Security Professionals View Ransomware and Terrorism as Equal Threats

December 29, 2021 - In a survey of more than 1,500 security professionals, 60 percent of respondents reported viewing ransomware and terrorism as equal threats. Sapio Research conducted the survey on behalf of machine identity management provider Venafi.

The findings echoed the sentiments of the Department of Justice (DOJ), which announced in June 2021 that it would prioritize ransomware attacks at a level it previously reserved only for terrorism, Reuters reported.

The healthcare industry and other critical infrastructure sectors have been hit especially hard by ransomware in recent years, and the attacks are not slowing down. Over 500 healthcare organizations reported data breaches involving protected health information (PHI) to HHS’s Office for Civil Rights (OCR) in 2021.

Two-thirds of surveyed security professionals reported that their organization had suffered a ransomware attack over the past 12 months. Both large and small companies were impacted significantly by ransomware in the past year.

Despite the increase in attacks, 77 percent of respondents still said that they are confident that their current security tools will protect them from future ransomware attacks.

“However, this confidence varies by job title, indicating slightly less confidence from security team leaders than from C-level executives in the efficacy of their current toolsets,” the survey pointed out.

The findings validated previous (ISC)² research that showed a disconnect between cybersecurity leaders and C-suite executives when it comes to communicating ransomware risks.

Over a third of respondents said they would pay the ransom, but 57 percent of those respondents said they would reverse that decision if they had to publicly report the payment.
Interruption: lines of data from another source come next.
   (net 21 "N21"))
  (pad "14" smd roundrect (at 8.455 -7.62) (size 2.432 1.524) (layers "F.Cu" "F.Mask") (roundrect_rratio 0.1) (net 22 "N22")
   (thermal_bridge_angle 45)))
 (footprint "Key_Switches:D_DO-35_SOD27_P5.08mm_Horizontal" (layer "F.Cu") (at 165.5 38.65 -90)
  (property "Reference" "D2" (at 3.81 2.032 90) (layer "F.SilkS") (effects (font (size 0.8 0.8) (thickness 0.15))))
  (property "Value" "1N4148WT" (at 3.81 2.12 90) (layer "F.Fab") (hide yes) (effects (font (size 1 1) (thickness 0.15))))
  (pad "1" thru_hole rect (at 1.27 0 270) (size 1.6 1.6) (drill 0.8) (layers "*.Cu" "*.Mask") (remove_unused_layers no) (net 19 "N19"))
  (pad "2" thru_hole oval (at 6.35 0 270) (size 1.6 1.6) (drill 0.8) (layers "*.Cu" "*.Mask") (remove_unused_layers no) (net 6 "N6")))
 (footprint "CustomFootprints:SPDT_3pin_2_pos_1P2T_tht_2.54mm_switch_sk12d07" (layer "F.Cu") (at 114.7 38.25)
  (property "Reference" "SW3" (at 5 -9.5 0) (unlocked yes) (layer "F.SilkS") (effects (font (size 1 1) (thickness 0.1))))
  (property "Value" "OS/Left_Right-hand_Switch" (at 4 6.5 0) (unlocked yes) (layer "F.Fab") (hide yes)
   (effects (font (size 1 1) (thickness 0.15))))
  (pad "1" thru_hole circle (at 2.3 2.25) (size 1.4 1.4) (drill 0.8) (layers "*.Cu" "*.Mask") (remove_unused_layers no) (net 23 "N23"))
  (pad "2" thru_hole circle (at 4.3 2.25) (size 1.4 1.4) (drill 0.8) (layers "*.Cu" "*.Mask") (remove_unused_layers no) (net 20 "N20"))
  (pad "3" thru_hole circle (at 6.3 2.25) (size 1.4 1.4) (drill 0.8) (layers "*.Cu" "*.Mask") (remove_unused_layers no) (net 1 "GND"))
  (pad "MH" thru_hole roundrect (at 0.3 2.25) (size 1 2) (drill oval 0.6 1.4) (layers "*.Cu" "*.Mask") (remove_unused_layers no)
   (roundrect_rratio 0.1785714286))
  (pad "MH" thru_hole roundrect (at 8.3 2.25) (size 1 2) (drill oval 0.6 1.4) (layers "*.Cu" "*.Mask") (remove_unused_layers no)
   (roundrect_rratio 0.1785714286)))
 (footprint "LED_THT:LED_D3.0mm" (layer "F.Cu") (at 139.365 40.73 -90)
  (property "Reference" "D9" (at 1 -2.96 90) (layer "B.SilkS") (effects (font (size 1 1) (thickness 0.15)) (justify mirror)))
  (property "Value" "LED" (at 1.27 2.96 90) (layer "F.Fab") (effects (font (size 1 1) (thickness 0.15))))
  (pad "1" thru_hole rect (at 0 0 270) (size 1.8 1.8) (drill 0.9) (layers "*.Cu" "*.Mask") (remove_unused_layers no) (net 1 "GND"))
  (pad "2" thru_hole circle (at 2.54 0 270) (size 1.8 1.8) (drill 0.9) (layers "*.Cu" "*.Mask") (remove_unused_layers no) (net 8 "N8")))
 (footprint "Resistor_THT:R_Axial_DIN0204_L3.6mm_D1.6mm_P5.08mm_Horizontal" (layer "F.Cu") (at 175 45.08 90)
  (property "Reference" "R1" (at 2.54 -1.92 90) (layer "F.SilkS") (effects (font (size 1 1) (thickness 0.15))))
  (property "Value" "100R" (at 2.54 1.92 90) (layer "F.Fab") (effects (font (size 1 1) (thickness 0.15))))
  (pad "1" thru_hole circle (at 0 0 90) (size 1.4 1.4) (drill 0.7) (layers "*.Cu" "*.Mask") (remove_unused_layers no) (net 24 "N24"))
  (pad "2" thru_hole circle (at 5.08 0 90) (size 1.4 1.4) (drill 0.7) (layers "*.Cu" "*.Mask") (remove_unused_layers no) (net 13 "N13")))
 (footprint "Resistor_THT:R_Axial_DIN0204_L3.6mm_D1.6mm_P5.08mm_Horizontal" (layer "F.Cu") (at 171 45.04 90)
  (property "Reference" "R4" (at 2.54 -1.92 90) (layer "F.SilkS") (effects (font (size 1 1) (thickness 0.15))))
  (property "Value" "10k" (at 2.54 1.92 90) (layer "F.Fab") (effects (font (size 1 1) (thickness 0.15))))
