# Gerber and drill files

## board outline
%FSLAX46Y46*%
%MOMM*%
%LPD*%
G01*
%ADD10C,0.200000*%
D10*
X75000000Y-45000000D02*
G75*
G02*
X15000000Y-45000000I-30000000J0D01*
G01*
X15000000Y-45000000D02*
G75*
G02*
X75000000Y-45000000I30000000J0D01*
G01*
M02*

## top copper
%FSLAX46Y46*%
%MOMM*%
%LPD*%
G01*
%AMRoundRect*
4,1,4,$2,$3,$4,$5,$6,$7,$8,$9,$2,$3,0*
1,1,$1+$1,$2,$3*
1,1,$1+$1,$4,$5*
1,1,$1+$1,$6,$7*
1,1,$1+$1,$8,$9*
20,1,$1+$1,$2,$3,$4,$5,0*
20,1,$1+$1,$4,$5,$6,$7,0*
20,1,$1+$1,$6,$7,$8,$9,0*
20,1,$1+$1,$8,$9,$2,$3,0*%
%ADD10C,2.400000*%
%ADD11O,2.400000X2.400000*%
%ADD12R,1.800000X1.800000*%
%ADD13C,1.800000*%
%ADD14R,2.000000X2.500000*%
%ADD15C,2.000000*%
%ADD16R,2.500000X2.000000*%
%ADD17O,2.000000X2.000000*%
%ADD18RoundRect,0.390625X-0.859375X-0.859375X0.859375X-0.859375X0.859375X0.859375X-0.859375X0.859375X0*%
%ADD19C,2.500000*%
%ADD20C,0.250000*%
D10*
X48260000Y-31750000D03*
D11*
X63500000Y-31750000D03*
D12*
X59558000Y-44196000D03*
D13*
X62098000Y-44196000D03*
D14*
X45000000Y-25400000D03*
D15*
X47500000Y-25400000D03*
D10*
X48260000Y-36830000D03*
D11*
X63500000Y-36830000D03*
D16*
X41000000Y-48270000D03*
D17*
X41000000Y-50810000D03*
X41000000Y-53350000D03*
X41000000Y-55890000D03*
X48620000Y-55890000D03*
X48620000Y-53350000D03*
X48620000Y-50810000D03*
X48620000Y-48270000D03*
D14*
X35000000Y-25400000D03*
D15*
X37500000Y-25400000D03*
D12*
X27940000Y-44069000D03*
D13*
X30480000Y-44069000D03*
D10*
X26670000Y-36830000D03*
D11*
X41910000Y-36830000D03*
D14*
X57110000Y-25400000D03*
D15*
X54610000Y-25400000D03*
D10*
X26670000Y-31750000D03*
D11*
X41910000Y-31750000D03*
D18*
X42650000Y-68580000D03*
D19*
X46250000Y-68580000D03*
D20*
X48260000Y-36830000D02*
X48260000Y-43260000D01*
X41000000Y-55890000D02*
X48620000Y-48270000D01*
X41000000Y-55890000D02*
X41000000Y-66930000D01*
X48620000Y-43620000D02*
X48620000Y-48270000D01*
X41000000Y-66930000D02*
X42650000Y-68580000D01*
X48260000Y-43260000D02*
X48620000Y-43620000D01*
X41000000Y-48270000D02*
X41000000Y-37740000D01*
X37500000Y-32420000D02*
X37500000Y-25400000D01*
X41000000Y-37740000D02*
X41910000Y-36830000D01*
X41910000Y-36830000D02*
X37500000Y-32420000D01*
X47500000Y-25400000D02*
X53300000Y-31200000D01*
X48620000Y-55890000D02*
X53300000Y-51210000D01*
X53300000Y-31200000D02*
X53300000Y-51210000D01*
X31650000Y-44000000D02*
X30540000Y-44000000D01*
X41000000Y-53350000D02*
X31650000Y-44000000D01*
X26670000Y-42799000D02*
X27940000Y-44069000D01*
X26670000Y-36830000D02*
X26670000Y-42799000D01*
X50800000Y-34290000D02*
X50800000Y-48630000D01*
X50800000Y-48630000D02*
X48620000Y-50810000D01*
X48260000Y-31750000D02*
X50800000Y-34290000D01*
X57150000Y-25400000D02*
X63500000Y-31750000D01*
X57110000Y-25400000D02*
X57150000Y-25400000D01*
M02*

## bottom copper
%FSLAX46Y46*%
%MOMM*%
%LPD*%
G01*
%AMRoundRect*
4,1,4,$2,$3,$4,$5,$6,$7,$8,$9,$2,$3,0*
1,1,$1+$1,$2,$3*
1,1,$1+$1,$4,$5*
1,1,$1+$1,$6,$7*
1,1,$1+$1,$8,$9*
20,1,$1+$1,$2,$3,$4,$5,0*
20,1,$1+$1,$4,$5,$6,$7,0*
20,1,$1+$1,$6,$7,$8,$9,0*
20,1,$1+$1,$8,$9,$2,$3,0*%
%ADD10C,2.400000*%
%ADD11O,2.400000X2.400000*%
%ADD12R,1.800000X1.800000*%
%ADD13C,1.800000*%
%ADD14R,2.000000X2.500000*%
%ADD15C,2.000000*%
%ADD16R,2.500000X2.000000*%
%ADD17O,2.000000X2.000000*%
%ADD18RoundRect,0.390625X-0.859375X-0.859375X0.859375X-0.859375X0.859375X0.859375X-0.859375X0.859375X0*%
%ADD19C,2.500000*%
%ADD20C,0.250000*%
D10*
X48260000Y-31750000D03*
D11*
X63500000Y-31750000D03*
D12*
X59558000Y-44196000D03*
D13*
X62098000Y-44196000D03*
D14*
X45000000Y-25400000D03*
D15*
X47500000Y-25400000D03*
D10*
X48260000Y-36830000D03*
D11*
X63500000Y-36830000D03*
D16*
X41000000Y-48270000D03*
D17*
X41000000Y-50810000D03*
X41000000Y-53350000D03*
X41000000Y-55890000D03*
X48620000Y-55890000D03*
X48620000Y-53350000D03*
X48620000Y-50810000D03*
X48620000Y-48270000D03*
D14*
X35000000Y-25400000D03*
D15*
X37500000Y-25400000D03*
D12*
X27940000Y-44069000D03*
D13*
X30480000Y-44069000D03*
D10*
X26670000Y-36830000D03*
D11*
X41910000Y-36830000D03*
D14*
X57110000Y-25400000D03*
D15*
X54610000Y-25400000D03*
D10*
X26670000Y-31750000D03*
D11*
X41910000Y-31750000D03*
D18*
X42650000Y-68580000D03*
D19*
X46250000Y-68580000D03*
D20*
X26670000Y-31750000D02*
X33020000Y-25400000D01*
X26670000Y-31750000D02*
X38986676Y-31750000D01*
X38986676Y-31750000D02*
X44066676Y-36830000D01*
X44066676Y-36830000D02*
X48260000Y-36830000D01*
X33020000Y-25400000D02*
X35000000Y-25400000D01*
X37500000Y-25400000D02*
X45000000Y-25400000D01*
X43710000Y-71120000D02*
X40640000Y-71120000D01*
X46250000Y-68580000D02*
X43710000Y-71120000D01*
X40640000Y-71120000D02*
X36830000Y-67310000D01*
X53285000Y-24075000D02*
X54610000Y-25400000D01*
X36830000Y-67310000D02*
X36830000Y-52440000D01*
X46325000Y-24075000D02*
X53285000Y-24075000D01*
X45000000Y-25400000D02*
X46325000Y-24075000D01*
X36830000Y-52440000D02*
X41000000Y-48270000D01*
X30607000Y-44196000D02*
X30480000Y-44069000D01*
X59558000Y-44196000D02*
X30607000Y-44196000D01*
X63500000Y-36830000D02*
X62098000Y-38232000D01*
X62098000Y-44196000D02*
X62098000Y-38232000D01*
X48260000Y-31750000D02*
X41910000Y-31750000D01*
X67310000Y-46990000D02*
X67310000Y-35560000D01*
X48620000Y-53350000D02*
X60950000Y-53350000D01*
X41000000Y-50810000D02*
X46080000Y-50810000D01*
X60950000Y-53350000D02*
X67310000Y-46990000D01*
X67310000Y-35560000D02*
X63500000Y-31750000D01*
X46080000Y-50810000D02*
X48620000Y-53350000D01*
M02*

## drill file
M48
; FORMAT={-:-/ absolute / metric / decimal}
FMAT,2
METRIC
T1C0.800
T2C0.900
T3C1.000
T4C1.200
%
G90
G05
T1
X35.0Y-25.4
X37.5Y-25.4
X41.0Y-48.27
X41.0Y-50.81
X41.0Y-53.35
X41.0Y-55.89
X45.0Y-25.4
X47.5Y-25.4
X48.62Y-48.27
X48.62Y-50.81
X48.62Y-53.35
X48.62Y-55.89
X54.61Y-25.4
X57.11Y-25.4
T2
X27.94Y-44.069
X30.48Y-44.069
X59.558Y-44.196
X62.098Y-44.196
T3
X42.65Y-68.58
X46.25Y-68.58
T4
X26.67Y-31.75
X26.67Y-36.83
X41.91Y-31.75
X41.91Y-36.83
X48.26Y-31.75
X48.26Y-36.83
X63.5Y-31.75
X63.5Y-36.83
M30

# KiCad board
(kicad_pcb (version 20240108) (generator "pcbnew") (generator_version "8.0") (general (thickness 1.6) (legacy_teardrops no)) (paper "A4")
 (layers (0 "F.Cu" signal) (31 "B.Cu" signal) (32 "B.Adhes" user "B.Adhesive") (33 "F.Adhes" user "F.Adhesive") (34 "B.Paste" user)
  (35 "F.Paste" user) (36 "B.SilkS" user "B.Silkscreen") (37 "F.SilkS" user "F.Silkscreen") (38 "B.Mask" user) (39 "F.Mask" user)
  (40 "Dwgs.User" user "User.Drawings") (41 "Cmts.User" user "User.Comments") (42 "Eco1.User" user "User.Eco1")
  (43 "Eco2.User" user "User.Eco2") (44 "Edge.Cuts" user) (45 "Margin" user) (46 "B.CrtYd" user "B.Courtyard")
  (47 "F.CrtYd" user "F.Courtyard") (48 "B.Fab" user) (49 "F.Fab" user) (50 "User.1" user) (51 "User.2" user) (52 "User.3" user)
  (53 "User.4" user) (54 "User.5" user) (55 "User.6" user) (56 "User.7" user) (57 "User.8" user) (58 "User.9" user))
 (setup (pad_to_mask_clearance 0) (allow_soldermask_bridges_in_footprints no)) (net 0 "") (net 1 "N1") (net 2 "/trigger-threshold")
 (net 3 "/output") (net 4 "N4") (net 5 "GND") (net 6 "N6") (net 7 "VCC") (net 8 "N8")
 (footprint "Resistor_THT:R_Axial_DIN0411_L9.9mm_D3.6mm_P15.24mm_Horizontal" (layer "F.Cu") (at 48.26 31.75)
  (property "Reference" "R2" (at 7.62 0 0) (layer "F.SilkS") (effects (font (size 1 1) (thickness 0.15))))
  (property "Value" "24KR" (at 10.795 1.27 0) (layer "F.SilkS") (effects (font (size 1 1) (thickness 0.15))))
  (pad "1" thru_hole circle (at 0 0) (size 2.4 2.4) (drill 1.2) (layers "*.Cu" "*.Mask") (remove_unused_layers no) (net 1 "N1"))
  (pad "2" thru_hole oval (at 15.24 0) (size 2.4 2.4) (drill 1.2) (layers "*.Cu" "*.Mask") (remove_unused_layers no)
   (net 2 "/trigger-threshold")))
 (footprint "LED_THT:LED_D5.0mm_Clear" (layer "F.Cu") (at 59.558 44.196)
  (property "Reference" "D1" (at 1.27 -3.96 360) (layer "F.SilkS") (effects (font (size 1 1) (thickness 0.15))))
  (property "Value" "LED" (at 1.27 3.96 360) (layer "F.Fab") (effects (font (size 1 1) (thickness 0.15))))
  (pad "1" thru_hole rect (at 0 0) (size 1.8 1.8) (drill 0.9) (layers "*.Cu" "*.Mask") (remove_unused_layers no) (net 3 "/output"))
  (pad "2" thru_hole circle (at 2.54 0) (size 1.8 1.8) (drill 0.9) (layers "*.Cu" "*.Mask") (remove_unused_layers no) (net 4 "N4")))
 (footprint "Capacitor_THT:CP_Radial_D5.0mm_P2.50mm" (layer "F.Cu") (at 45 25.4)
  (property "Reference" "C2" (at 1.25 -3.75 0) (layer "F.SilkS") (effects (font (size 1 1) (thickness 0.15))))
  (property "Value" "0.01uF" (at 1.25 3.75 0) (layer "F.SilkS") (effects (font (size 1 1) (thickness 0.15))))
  (pad "1" thru_hole rect (at 0 0) (size 2 2.5) (drill 0.8) (layers "*.Cu" "*.Mask") (remove_unused_layers no) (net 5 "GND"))
  (pad "2" thru_hole circle (at 2.5 0) (size 2 2) (drill 0.8) (layers "*.Cu" "*.Mask") (remove_unused_layers no) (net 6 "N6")))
The Ransomware Disclosure Act could potentially require companies to report ransomware payments within 48 hours. For healthcare, breaches impacting over 500 individuals must be reported to HHS.

The survey also found that most current defense-in-depth security controls are not fit for modern IT infrastructures.
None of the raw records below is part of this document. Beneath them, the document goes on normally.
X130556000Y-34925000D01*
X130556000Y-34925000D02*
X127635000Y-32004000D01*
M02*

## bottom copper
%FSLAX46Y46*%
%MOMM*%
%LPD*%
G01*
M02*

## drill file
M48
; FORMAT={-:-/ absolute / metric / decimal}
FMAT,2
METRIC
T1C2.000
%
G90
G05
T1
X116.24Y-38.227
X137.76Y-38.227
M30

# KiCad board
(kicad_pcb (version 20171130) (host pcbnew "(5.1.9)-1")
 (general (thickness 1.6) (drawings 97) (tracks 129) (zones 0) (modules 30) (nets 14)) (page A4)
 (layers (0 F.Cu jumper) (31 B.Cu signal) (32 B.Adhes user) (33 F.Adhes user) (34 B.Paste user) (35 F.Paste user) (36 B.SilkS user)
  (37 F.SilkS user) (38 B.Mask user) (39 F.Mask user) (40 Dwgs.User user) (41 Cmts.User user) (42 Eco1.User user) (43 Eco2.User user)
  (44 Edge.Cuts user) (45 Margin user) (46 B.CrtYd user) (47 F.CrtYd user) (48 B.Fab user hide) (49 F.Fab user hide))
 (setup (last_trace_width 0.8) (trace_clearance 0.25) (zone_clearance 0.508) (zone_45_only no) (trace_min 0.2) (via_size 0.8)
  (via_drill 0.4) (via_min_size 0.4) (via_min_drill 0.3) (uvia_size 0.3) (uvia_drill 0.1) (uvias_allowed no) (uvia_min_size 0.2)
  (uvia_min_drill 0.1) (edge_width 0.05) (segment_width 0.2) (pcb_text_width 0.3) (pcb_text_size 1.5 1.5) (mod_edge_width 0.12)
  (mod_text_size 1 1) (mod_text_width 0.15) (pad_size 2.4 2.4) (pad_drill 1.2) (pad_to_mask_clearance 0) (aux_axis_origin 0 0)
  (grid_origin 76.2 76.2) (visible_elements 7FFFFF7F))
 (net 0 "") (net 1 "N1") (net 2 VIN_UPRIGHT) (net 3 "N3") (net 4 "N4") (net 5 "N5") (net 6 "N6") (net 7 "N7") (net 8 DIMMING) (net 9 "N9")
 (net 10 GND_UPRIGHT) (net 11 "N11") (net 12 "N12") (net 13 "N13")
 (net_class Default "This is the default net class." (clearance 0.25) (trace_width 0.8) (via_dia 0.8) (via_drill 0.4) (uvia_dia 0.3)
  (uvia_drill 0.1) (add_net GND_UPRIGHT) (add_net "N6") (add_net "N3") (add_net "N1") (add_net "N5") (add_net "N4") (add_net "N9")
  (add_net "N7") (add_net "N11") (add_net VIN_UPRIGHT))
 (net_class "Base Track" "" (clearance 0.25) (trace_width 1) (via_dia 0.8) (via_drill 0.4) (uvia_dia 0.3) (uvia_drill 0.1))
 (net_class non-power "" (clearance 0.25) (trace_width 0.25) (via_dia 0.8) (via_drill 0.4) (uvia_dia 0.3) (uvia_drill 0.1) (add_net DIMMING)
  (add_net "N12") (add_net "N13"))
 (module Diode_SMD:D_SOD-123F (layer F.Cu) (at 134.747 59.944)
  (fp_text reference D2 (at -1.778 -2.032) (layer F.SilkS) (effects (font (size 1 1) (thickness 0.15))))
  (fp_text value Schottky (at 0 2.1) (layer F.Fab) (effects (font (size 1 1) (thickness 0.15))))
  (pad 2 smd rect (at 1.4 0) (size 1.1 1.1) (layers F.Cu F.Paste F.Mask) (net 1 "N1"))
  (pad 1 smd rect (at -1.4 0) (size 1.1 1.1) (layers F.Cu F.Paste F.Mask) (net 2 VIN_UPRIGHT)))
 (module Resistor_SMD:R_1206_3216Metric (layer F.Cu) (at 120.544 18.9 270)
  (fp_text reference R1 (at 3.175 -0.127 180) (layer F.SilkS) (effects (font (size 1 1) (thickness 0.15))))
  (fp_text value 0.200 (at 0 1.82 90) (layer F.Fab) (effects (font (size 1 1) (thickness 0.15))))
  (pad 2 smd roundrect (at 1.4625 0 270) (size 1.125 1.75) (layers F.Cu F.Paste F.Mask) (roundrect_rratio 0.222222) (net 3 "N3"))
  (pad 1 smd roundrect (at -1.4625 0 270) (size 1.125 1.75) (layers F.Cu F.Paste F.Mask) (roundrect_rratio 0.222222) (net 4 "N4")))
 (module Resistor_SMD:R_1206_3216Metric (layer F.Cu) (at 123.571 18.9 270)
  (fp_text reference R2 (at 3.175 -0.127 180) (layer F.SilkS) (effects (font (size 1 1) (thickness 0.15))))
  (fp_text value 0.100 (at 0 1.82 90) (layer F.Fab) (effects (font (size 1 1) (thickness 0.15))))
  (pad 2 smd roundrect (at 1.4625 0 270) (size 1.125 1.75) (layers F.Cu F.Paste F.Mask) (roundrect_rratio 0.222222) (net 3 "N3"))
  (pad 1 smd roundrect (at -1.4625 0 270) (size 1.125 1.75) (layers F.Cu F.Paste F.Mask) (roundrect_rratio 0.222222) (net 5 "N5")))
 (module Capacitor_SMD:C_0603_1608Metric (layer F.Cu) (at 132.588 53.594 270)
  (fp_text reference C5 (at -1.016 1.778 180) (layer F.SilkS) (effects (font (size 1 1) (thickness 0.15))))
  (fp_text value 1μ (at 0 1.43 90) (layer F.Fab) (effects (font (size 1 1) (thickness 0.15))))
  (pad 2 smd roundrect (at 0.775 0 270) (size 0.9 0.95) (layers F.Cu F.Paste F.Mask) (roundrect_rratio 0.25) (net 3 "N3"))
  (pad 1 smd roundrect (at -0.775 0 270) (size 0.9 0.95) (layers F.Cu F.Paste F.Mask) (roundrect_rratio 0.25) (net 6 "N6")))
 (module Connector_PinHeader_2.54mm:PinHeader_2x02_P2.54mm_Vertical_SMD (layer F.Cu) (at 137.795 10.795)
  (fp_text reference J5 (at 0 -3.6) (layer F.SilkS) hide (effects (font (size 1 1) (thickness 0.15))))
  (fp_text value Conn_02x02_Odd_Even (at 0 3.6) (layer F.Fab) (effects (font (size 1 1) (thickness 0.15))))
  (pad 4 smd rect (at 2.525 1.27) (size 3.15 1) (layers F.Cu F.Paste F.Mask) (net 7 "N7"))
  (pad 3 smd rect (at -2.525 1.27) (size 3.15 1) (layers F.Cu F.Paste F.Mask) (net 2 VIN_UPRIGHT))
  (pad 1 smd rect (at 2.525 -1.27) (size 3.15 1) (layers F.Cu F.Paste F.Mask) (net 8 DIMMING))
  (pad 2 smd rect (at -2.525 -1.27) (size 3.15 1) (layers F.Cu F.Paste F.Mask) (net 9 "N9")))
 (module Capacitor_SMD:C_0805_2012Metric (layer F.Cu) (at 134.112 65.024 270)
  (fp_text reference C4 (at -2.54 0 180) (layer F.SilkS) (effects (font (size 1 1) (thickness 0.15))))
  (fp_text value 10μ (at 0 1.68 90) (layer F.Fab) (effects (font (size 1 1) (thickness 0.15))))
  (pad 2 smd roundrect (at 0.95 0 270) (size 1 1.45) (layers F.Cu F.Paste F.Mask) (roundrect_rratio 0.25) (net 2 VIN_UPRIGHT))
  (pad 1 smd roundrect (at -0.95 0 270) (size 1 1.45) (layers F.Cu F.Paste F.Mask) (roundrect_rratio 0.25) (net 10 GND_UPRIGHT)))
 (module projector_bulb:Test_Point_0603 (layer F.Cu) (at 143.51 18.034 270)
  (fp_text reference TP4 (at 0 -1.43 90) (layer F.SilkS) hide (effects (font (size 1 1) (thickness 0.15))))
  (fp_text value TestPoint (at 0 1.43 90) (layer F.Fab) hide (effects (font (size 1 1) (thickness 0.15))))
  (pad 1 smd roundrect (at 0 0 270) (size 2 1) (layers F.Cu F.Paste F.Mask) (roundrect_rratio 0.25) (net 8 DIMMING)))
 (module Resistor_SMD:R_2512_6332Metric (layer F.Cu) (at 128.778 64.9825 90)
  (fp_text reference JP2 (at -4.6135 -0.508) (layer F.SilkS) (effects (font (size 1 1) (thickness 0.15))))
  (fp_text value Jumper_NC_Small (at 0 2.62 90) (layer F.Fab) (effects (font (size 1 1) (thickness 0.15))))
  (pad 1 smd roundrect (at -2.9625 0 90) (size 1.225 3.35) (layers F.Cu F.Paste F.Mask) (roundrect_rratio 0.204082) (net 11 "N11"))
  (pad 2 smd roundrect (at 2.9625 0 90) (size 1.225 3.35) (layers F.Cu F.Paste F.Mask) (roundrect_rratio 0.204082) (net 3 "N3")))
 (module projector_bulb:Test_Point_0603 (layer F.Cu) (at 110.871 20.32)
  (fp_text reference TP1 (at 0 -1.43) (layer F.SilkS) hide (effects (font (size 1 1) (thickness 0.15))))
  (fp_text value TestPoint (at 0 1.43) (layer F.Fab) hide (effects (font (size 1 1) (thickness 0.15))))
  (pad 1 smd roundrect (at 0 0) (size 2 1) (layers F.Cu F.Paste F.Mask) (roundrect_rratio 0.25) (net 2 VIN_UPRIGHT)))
“Organizations use a wide variety of security controls designed to protect against or limit the impact of a ransomware attack,” the report explained.

“However, most of these security controls are not optimized to handle perimeterless networks, let alone the infrastructure changes resulting from digital transformation. In particular, DevOps methodologies and software-defined networks require different security strategies to break the ransomware kill chain.”

Over 40 percent of respondents reported using VPNs, and many others reported using regular encrypted backups, anti-phishing technology, and vulnerability scanning. Of all the security controls explored, only a few are designed to actually break the ransomware kill chain, the research stressed.

Despite their confidence in current security practices, more than three-quarters of surveyed security professionals reported that their organization was planning to increase their ransomware budget for the next year.

“These numbers suggest that security teams realize their current strategies do not provide enough protection, along with the likelihood that ransomware threats will continue to increase in 2022,” the report concluded.

“InfoSec teams may justify these investments because the cost of ransomware attack— regardless of whether it is successful—can quickly rise far beyond the cost of the ransom price itself.”